**EXERCISE OBJECTIVE:** Scan the data that follows and count the lines with the string "SilkS"; answer with the count alone.

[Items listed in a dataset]
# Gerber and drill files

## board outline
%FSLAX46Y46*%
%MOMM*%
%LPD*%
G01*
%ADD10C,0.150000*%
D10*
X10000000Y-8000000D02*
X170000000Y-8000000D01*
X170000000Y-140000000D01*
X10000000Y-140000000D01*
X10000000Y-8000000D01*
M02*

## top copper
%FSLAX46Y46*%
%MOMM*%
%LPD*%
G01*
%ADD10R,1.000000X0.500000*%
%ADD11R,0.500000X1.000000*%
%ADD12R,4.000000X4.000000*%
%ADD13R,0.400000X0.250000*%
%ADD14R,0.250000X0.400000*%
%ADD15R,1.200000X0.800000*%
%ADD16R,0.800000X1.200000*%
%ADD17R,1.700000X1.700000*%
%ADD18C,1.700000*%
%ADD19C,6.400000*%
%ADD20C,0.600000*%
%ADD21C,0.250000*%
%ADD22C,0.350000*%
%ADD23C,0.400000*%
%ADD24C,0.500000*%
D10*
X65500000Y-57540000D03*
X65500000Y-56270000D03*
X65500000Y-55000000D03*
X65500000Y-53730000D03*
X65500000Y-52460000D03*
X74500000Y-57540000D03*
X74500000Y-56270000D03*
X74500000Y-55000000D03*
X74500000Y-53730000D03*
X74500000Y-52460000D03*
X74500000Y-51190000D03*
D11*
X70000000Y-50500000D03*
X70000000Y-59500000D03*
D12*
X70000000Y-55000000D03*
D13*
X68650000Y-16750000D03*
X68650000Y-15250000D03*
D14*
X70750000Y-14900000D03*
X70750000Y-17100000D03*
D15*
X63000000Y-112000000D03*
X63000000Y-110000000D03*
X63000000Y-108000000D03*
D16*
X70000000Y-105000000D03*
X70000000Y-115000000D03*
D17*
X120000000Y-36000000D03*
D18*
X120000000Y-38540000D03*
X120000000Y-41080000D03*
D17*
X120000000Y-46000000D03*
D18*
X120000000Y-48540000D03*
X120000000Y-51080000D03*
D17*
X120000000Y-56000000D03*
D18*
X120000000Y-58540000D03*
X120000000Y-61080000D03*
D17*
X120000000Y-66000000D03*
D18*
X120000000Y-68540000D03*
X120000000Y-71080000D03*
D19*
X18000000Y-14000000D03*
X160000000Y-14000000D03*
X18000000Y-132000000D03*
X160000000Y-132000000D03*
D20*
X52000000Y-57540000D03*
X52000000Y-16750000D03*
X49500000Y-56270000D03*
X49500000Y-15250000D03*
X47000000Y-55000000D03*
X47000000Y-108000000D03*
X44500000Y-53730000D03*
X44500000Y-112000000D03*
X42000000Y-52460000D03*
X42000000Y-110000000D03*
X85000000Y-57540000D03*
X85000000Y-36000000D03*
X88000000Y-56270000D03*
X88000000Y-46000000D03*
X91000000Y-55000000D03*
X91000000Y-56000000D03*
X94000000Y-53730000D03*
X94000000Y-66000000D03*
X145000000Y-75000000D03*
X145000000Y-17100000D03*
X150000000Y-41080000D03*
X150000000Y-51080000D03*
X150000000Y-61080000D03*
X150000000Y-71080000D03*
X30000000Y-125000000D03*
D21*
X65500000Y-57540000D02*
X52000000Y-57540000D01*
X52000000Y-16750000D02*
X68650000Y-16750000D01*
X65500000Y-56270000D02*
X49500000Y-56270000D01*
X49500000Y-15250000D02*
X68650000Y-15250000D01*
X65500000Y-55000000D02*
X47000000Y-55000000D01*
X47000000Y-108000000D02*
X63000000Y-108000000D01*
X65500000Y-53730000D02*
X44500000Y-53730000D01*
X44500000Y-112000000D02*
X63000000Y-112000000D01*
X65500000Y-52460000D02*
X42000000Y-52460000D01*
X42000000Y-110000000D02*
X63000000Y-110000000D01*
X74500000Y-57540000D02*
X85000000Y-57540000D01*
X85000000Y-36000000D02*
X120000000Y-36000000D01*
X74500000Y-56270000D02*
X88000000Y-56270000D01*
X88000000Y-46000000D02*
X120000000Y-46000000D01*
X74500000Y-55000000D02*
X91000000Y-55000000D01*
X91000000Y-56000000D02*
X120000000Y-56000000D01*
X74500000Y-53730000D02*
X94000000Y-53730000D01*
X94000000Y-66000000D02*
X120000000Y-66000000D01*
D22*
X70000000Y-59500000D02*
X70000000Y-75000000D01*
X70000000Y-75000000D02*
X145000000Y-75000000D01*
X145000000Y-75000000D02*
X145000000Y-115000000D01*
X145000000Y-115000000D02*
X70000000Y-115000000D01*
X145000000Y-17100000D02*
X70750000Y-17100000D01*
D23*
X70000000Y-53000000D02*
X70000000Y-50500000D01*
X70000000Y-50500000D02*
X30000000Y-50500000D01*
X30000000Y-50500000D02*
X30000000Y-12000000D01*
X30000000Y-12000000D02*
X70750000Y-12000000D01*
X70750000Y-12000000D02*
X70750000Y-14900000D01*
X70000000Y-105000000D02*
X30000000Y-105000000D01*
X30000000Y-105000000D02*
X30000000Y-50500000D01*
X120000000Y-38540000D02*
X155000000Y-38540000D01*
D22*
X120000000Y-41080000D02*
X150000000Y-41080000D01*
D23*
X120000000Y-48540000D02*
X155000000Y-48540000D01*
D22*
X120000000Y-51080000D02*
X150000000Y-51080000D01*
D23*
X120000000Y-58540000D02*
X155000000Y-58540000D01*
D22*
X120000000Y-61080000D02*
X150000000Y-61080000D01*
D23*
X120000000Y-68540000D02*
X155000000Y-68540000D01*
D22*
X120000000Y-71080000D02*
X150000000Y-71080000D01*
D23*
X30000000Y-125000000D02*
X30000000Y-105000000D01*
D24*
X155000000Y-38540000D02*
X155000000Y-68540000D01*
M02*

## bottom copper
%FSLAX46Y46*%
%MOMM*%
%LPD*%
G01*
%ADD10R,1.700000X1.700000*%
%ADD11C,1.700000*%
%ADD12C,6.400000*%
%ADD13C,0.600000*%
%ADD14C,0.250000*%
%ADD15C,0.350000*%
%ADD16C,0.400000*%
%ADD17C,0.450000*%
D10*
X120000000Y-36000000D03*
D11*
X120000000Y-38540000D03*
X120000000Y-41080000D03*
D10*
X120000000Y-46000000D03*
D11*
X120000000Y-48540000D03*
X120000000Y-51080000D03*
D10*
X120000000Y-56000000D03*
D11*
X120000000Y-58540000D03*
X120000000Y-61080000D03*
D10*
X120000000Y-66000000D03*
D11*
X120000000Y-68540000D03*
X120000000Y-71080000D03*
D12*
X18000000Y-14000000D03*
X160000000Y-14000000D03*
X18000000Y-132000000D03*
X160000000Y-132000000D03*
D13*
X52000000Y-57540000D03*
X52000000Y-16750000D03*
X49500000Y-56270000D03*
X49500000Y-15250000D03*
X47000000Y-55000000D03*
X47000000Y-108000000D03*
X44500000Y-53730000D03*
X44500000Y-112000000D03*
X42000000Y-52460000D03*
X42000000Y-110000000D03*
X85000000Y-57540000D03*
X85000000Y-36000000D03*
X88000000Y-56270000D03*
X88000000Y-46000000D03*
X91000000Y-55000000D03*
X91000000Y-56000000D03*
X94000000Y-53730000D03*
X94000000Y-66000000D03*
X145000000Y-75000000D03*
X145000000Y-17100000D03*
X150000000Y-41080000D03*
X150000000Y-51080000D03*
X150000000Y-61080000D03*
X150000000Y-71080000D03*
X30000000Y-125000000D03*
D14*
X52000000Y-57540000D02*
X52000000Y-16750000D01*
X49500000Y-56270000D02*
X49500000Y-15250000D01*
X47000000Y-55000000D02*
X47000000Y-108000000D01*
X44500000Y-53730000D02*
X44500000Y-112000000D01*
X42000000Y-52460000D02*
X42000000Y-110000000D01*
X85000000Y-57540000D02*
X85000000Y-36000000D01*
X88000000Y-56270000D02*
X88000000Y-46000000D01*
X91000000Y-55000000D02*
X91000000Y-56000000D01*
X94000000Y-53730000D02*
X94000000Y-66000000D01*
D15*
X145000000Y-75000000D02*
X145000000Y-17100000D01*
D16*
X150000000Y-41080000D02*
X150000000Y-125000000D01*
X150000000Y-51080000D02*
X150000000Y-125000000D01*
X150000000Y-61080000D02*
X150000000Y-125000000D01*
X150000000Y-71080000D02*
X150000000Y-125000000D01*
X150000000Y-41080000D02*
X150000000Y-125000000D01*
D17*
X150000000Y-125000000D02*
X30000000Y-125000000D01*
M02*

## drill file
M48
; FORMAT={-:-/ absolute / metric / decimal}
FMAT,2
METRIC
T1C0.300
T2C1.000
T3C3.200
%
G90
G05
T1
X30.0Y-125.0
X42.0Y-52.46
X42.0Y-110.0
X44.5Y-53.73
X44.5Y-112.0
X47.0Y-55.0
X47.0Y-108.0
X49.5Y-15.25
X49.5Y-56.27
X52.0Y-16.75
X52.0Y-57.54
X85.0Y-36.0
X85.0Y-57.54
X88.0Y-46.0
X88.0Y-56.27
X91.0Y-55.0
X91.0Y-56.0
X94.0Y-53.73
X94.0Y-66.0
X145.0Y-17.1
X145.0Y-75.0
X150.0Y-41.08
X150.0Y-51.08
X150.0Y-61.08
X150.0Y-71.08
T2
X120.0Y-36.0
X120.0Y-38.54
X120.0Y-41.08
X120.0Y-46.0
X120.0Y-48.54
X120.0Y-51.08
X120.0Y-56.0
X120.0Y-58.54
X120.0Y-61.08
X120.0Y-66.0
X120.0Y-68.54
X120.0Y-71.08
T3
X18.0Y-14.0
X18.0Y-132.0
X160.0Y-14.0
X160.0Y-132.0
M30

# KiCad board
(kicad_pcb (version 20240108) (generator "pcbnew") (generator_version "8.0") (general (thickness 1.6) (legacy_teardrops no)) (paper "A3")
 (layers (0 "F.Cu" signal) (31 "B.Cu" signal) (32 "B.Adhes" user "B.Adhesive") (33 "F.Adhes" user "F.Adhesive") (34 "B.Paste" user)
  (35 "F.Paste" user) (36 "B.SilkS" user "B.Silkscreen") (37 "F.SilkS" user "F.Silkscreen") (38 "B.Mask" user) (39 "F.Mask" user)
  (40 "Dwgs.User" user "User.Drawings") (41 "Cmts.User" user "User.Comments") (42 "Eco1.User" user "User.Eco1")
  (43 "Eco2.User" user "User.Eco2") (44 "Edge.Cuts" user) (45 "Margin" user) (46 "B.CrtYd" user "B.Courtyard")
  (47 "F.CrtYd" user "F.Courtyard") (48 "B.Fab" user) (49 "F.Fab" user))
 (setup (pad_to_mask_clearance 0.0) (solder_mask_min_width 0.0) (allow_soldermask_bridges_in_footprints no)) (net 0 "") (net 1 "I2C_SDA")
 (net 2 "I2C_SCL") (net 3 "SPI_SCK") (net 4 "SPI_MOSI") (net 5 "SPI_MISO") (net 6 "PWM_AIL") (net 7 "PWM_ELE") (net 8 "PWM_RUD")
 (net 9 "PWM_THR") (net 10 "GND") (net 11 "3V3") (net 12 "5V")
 (gr_rect (start 10 8) (end 170 140) (stroke (width 0.15) (type solid)) (fill none) (layer "Edge.Cuts"))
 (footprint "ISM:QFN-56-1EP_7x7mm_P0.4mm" (layer "F.Cu") (at 70 55)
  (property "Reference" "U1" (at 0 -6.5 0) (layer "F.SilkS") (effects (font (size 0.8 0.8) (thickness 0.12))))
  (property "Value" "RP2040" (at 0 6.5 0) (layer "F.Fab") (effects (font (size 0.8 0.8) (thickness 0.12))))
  (pad "1" smd rect (at -4.5 2.54) (size 1.0 0.5) (layers "F.Cu" "F.Paste" "F.Mask") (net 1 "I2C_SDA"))
  (pad "2" smd rect (at -4.5 1.27) (size 1.0 0.5) (layers "F.Cu" "F.Paste" "F.Mask") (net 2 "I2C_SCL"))
  (pad "3" smd rect (at -4.5 0) (size 1.0 0.5) (layers "F.Cu" "F.Paste" "F.Mask") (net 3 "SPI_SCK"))
  (pad "4" smd rect (at -4.5 -1.27) (size 1.0 0.5) (layers "F.Cu" "F.Paste" "F.Mask") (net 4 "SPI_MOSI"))
  (pad "5" smd rect (at -4.5 -2.54) (size 1.0 0.5) (layers "F.Cu" "F.Paste" "F.Mask") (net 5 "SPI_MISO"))
  (pad "6" smd rect (at 4.5 2.54) (size 1.0 0.5) (layers "F.Cu" "F.Paste" "F.Mask") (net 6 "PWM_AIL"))
  (pad "7" smd rect (at 4.5 1.27) (size 1.0 0.5) (layers "F.Cu" "F.Paste" "F.Mask") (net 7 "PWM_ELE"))
  (pad "8" smd rect (at 4.5 0) (size 1.0 0.5) (layers "F.Cu" "F.Paste" "F.Mask") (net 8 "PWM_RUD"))
  (pad "9" smd rect (at 4.5 -1.27) (size 1.0 0.5) (layers "F.Cu" "F.Paste" "F.Mask") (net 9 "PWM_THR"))
  (pad "12" smd rect (at 4.5 -2.54) (size 1.0 0.5) (layers "F.Cu" "F.Paste" "F.Mask"))
  (pad "13" smd rect (at 4.5 -3.81) (size 1.0 0.5) (layers "F.Cu" "F.Paste" "F.Mask"))
  (pad "10" smd rect (at 0 -4.5) (size 0.5 1.0) (layers "F.Cu" "F.Paste" "F.Mask") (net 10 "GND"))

**EXERCISE OUTPUT:** 2